Post-translational modification of proteins by covalent attachment of ubiquitin is a key cellular process, regulating for example the fate and recycling of proteins. We present a new method to combine multiscale simulation with advanced analysis methods to characterize the states of ubiquitin-ubiquitin conjugates. We found that the linkage position affects the conformational space of ubiquitin dimers, determining the number and stability of relevant states, the character of subunit contacts and the nature of the surface exposed to possible binding partners.
Guanidine-II aptamer conformations and ligand binding modes through the lens of molecular simulation
2021-07-07, Steuer, Jakob, Kukharenko, Oleksandra, Riedmiller, Kai, Hartig, Jörg S., Peter, Christine
Regulation of gene expression via riboswitches is a widespread mechanism in bacteria. Here, we investigate ligand binding of a member of the guanidine sensing riboswitch family, the guanidine-II riboswitch (Gd-II). It consists of two stem-loops forming a dimer upon ligand binding.

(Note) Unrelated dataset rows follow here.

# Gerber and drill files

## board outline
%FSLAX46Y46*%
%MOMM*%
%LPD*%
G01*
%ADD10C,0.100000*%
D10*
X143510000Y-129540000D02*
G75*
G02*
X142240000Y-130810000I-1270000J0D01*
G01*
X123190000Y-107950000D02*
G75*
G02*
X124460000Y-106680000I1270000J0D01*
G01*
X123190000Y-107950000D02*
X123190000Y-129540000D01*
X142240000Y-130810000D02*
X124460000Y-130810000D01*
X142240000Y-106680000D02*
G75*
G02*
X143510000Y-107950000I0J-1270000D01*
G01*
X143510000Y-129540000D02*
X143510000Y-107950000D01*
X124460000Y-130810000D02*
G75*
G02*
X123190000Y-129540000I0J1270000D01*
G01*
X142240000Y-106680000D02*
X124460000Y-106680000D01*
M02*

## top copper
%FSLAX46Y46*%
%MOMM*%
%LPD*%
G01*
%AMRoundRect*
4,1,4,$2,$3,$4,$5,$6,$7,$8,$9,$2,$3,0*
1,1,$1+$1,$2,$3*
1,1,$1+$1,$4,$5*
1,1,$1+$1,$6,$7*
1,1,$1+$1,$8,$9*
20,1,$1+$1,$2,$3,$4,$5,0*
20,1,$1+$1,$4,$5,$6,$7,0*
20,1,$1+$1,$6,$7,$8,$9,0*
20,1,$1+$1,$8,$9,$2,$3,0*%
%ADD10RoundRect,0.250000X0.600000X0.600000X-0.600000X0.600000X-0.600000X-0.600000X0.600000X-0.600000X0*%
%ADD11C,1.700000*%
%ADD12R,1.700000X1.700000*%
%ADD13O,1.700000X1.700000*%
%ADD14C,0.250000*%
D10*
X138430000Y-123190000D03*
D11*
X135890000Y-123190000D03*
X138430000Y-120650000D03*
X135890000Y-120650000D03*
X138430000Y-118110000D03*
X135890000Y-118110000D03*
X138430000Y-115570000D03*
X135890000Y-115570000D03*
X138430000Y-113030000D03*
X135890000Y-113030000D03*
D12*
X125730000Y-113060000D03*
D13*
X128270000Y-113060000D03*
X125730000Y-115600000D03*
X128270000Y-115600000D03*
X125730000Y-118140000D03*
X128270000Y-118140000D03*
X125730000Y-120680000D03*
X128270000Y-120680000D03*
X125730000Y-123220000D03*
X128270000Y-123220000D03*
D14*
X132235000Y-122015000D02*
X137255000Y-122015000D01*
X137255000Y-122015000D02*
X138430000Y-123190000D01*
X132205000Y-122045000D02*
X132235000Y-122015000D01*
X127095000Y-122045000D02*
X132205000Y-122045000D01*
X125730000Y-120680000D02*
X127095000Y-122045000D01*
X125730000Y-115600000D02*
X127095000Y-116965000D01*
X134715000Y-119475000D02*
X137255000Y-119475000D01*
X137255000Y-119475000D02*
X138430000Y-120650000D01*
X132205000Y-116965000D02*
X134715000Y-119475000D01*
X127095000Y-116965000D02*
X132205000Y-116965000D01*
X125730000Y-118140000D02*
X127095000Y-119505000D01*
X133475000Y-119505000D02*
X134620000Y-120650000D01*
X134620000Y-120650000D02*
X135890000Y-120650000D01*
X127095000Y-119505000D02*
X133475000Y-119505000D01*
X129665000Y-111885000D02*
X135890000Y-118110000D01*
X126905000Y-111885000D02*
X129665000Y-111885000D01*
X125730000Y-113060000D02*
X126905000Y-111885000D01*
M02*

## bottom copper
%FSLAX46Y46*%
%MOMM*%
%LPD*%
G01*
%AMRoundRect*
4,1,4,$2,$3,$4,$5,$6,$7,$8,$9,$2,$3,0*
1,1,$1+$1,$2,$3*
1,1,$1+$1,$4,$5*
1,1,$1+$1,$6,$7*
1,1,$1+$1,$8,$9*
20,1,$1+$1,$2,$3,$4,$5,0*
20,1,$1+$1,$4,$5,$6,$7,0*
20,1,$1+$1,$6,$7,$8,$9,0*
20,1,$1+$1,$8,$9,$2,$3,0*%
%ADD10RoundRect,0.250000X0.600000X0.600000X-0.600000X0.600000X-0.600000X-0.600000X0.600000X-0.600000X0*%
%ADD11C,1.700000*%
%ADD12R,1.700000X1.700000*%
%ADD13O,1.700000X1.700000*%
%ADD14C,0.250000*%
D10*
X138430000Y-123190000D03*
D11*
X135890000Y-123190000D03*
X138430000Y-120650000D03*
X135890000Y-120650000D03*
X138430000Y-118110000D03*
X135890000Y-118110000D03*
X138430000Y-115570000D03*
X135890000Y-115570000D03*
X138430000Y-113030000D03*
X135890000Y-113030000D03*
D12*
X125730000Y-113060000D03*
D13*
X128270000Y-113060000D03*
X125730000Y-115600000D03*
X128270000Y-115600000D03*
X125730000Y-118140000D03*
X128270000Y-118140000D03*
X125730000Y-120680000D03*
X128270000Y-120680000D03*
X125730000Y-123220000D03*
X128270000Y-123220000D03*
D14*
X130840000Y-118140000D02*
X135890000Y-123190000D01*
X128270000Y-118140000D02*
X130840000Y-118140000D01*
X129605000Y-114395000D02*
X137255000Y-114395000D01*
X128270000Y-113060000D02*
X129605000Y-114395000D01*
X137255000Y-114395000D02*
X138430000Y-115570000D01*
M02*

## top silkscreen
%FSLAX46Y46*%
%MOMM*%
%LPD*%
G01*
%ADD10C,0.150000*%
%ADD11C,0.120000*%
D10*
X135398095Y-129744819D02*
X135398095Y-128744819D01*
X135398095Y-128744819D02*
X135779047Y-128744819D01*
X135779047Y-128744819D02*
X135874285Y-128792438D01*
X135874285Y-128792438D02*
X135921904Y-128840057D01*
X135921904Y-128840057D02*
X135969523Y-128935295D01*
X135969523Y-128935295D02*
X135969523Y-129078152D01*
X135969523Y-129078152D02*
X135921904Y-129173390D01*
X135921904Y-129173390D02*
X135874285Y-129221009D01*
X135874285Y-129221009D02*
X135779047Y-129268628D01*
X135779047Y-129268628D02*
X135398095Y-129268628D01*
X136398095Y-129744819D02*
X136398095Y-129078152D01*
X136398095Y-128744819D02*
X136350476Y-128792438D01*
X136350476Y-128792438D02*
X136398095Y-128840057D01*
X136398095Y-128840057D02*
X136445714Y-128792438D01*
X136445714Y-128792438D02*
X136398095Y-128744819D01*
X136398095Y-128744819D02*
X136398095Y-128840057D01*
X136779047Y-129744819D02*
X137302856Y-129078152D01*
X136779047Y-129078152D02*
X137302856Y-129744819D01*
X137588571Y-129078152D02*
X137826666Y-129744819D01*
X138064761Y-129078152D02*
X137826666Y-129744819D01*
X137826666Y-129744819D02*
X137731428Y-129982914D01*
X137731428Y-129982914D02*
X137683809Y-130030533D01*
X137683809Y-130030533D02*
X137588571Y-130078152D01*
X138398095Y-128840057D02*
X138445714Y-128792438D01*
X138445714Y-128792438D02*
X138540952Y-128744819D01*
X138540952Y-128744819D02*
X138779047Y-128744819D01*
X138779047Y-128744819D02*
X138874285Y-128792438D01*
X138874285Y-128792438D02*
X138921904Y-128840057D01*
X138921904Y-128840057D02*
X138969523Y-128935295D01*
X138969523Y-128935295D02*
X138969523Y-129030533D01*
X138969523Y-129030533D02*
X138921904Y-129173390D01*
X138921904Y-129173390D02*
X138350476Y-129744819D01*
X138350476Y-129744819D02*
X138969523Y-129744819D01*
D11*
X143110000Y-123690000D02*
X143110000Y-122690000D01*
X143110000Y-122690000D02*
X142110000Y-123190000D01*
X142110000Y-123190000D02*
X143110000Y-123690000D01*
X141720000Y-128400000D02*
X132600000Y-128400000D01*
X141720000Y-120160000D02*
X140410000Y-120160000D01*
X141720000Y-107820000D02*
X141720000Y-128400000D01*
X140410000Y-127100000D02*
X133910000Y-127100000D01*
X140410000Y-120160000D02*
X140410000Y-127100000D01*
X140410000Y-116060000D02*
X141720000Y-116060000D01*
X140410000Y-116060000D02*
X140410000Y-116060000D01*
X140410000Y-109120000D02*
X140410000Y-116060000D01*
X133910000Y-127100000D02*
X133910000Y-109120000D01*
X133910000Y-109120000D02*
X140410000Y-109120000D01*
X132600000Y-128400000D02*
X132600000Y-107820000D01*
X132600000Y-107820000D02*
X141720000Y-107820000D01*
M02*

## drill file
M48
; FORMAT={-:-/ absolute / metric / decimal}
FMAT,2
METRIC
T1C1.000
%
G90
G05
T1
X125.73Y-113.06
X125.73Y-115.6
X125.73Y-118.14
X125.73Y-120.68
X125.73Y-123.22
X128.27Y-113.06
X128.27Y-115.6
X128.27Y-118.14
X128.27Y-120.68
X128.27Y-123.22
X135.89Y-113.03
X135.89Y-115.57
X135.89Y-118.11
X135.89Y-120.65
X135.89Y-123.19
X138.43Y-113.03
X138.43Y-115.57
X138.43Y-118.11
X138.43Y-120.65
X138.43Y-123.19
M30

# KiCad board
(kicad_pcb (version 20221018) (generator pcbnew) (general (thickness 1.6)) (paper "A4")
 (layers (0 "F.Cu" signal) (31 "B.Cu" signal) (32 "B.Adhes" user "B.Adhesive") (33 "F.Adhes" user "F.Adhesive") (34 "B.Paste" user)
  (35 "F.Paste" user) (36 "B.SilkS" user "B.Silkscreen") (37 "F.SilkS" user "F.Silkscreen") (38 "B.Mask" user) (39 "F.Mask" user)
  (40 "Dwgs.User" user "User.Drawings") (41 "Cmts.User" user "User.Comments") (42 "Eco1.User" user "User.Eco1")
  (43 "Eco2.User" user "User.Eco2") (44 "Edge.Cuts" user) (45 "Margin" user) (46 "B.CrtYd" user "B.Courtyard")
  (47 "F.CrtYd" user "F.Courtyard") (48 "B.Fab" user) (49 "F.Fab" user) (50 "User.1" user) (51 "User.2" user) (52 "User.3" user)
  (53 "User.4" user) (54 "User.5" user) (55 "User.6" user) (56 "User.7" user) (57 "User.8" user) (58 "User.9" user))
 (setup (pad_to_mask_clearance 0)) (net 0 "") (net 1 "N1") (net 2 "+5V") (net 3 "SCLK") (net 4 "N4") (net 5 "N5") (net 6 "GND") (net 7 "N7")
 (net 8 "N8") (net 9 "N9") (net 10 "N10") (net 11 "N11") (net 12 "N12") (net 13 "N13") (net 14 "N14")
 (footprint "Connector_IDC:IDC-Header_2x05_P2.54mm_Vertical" (layer "F.Cu") (at 138.43 123.19 180)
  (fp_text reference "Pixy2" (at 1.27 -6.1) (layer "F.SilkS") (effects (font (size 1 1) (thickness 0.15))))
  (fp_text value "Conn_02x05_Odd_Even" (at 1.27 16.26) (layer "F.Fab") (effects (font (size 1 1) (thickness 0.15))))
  (fp_line (start -4.68 -0.5) (end -4.68 0.5) (stroke (width 0.12) (type solid)) (layer "F.SilkS"))
  (fp_line (start -4.68 0.5) (end -3.68 0) (stroke (width 0.12) (type solid)) (layer "F.SilkS"))
  (fp_line (start -3.68 0) (end -4.68 -0.5) (stroke (width 0.12) (type solid)) (layer "F.SilkS"))
  (fp_line (start -3.29 -5.21) (end 5.83 -5.21) (stroke (width 0.12) (type solid)) (layer "F.SilkS"))
  (fp_line (start -3.29 3.03) (end -1.98 3.03) (stroke (width 0.12) (type solid)) (layer "F.SilkS"))
  (fp_line (start -3.29 15.37) (end -3.29 -5.21) (stroke (width 0.12) (type solid)) (layer "F.SilkS"))
  (fp_line (start -1.98 -3.91) (end 4.52 -3.91) (stroke (width 0.12) (type solid)) (layer "F.SilkS"))
  (fp_line (start -1.98 3.03) (end -1.98 -3.91) (stroke (width 0.12) (type solid)) (layer "F.SilkS"))
  (fp_line (start -1.98 7.13) (end -3.29 7.13) (stroke (width 0.12) (type solid)) (layer "F.SilkS"))
  (fp_line (start -1.98 7.13) (end -1.98 7.13) (stroke (width 0.12) (type solid)) (layer "F.SilkS"))
  (fp_line (start -1.98 14.07) (end -1.98 7.13) (stroke (width 0.12) (type solid)) (layer "F.SilkS"))
  (fp_line (start 4.52 -3.91) (end 4.52 14.07) (stroke (width 0.12) (type solid)) (layer "F.SilkS"))
  (fp_line (start 4.52 14.07) (end -1.98 14.07) (stroke (width 0.12) (type solid)) (layer "F.SilkS"))
  (fp_line (start 5.83 -5.21) (end 5.83 15.37) (stroke (width 0.12) (type solid)) (layer "F.SilkS"))
  (fp_line (start 5.83 15.37) (end -3.29 15.37) (stroke (width 0.12) (type solid)) (layer "F.SilkS"))
  (pad "1" thru_hole roundrect (at 0 0 180) (size 1.7 1.7) (drill 1) (layers "*.Cu" "*.Mask") (roundrect_rratio 0.147059) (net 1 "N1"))
  (pad "2" thru_hole circle (at 2.54 0 180) (size 1.7 1.7) (drill 1) (layers "*.Cu" "*.Mask") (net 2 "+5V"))
  (pad "3" thru_hole circle (at 0 2.54 180) (size 1.7 1.7) (drill 1) (layers "*.Cu" "*.Mask") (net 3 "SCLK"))
  (pad "4" thru_hole circle (at 2.54 2.54 180) (size 1.7 1.7) (drill 1) (layers "*.Cu" "*.Mask") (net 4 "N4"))
  (pad "5" thru_hole circle (at 0 5.08 180) (size 1.7 1.7) (drill 1) (layers "*.Cu" "*.Mask") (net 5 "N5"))
  (pad "6" thru_hole circle (at 2.54 5.08 180) (size 1.7 1.7) (drill 1) (layers "*.Cu" "*.Mask") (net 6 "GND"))
  (pad "7" thru_hole circle (at 0 7.62 180) (size 1.7 1.7) (drill 1) (layers "*.Cu" "*.Mask") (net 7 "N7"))
  (pad "8" thru_hole circle (at 2.54 7.62 180) (size 1.7 1.7) (drill 1) (layers "*.Cu" "*.Mask") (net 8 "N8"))
  (pad "9" thru_hole circle (at 0 10.16 180) (size 1.7 1.7) (drill 1) (layers "*.Cu" "*.Mask") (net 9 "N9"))
  (pad "10" thru_hole circle (at 2.54 10.16 180) (size 1.7 1.7) (drill 1) (layers "*.Cu" "*.Mask") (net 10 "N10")))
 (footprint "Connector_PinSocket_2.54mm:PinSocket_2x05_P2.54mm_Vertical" (layer "B.Cu") (at 125.73 113.06 180)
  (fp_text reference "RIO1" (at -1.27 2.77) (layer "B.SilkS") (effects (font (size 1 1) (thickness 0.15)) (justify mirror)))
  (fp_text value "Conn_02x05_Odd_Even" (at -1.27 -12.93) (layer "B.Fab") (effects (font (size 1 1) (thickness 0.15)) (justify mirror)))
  (pad "1" thru_hole rect (at 0 0 180) (size 1.7 1.7) (drill 1) (layers "*.Cu" "*.Mask") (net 6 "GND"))
  (pad "2" thru_hole oval (at -2.54 0 180) (size 1.7 1.7) (drill 1) (layers "*.Cu" "*.Mask") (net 7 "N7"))
  (pad "3" thru_hole oval (at 0 -2.54 180) (size 1.7 1.7) (drill 1) (layers "*.Cu" "*.Mask") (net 3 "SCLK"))
  (pad "4" thru_hole oval (at -2.54 -2.54 180) (size 1.7 1.7) (drill 1) (layers "*.Cu" "*.Mask") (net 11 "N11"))
  (pad "5" thru_hole oval (at 0 -5.08 180) (size 1.7 1.7) (drill 1) (layers "*.Cu" "*.Mask") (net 4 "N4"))
  (pad "6" thru_hole oval (at -2.54 -5.08 180) (size 1.7 1.7) (drill 1) (layers "*.Cu" "*.Mask") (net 2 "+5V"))
  (pad "7" thru_hole oval (at 0 -7.62 180) (size 1.7 1.7) (drill 1) (layers "*.Cu" "*.Mask") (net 1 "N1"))
  (pad "8" thru_hole oval (at -2.54 -7.62 180) (size 1.7 1.7) (drill 1) (layers "*.Cu" "*.Mask") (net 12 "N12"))
  (pad "9" thru_hole oval (at 0 -10.16 180) (size 1.7 1.7) (drill 1) (layers "*.Cu" "*.Mask") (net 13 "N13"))
  (pad "10" thru_hole oval (at -2.54 -10.16 180) (size 1.7 1.7) (drill 1) (layers "*.Cu" "*.Mask") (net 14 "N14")))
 (gr_arc (start 143.51 129.54) (mid 143.138026 130.438026) (end 142.24 130.81) (stroke (width 0.1) (type default)) (layer "Edge.Cuts"))
 (gr_arc (start 123.19 107.95) (mid 123.561974 107.051974) (end 124.46 106.68) (stroke (width 0.1) (type default)) (layer "Edge.Cuts"))
 (gr_line (start 123.19 107.95) (end 123.19 129.54) (stroke (width 0.1) (type default)) (layer "Edge.Cuts"))
 (gr_line (start 142.24 130.81) (end 124.46 130.81) (stroke (width 0.1) (type default)) (layer "Edge.Cuts"))
 (gr_arc (start 142.24 106.68) (mid 143.138026 107.051974) (end 143.51 107.95) (stroke (width 0.1) (type default)) (layer "Edge.Cuts"))
 (gr_line (start 143.51 129.54) (end 143.51 107.95) (stroke (width 0.1) (type default)) (layer "Edge.Cuts"))
 (gr_arc (start 124.46 130.81) (mid 123.561974 130.438026) (end 123.19 129.54) (stroke (width 0.1) (type default)) (layer "Edge.Cuts"))
 (gr_line (start 142.24 106.68) (end 124.46 106.68) (stroke (width 0.1) (type default)) (layer "Edge.Cuts"))
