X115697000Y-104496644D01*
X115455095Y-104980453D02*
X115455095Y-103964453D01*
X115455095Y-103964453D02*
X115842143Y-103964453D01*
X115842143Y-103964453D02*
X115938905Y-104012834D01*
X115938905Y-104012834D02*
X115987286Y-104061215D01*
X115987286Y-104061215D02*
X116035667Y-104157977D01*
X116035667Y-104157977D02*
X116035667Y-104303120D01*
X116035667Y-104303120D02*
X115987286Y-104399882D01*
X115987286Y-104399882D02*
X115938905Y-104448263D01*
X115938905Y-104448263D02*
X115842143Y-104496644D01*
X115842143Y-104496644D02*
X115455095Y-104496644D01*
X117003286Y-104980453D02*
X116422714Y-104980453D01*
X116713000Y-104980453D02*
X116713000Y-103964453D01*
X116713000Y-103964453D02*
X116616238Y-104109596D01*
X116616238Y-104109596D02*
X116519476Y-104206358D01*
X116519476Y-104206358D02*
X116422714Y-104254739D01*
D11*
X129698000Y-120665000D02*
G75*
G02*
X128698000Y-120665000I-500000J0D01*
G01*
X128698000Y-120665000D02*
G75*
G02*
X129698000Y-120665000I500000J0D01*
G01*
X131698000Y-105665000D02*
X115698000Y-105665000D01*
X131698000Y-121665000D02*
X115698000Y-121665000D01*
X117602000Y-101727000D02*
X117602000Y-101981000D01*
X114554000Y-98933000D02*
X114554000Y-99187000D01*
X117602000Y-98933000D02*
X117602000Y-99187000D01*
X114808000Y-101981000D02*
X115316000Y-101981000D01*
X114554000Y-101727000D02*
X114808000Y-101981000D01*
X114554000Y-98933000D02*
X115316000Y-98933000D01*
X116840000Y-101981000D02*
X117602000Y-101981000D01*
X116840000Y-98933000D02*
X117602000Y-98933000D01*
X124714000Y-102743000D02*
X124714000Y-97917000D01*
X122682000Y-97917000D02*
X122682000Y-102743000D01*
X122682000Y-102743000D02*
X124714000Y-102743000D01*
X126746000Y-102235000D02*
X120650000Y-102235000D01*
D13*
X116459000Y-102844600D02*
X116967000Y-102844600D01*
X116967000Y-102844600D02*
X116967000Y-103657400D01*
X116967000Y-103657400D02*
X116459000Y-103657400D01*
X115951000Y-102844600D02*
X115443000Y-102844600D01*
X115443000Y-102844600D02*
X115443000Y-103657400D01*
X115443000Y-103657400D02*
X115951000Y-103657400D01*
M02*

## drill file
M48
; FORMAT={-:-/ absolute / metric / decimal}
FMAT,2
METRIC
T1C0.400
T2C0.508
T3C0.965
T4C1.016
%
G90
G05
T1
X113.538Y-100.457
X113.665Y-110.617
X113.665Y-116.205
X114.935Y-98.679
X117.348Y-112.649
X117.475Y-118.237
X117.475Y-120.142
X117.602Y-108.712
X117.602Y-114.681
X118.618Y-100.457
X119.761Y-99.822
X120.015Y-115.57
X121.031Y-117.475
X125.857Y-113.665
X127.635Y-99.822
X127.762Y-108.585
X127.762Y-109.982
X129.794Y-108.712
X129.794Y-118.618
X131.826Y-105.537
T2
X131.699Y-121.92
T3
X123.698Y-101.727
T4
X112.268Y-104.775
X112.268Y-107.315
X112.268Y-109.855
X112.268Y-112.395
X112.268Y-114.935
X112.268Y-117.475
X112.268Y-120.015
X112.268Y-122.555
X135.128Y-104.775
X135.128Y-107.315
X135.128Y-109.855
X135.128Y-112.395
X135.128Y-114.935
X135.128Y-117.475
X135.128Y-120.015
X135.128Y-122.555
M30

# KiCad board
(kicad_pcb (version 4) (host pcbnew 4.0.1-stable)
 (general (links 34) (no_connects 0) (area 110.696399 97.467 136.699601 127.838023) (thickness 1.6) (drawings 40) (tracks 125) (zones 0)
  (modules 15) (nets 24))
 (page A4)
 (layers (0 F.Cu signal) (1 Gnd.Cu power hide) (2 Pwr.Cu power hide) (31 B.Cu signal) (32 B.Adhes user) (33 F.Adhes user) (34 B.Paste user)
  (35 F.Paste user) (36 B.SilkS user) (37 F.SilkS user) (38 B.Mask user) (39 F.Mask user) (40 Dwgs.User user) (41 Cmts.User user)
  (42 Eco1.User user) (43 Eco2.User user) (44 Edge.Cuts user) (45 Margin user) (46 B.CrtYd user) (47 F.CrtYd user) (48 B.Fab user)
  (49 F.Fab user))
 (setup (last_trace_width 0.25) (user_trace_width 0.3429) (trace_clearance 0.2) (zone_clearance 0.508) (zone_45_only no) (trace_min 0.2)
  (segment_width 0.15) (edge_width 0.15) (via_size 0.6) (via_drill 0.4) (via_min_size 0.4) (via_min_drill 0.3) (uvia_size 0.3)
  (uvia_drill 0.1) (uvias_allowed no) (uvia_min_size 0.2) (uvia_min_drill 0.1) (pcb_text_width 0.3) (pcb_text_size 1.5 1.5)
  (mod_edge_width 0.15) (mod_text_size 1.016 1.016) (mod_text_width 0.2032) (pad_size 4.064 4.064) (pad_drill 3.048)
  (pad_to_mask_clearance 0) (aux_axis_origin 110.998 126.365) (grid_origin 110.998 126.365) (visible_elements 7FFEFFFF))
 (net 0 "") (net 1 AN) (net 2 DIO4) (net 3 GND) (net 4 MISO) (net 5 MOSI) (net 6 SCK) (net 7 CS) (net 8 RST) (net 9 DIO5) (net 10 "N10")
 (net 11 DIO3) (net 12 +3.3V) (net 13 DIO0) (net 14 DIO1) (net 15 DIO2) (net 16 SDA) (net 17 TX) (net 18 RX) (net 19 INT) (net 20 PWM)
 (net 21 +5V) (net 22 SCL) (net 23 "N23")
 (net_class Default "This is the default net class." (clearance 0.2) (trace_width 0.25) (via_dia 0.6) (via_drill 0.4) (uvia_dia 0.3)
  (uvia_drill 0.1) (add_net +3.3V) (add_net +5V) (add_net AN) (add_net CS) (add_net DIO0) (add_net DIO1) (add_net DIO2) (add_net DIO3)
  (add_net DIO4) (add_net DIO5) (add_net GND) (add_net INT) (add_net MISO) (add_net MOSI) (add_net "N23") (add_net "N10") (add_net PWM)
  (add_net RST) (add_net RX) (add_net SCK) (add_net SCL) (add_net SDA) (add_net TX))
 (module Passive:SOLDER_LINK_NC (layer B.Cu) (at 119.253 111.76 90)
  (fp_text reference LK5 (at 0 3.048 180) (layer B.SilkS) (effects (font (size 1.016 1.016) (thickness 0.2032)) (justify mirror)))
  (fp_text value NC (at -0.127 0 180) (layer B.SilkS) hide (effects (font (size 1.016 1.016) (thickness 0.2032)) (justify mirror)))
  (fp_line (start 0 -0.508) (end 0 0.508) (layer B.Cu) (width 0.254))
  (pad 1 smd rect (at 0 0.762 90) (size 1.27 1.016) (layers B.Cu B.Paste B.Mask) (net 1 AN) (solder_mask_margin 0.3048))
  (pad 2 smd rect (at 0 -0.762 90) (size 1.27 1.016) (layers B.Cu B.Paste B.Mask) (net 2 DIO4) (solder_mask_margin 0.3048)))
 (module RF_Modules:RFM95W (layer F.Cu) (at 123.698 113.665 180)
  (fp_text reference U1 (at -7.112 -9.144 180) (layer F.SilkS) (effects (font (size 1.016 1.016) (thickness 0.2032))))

Using extensive molecular dynamics simulations we have identified conformational states corresponding to ligand-bound and unbound states in a monomeric stem-loop of Gd-II and studied the selectivity of this binding. To characterize these states and ligand-dependent conformational changes we applied a combination of dimensionality reduction, clustering, and feature selection methods. In absence of a ligand, the shape of the binding pocket alternates between the conformation observed in presence of guanidinium and a collapsed conformation, which is associated with a deformation of the dimerization interface. Furthermore, the structural features responsible for the ability to discriminate against closely related analogs of guanidine are resolved. Based on these insights, we propose a mechanism that couples ligand binding to aptamer dimerization in the Gd-II system, demonstrating the value of computational methods in the field of nucleic acids research.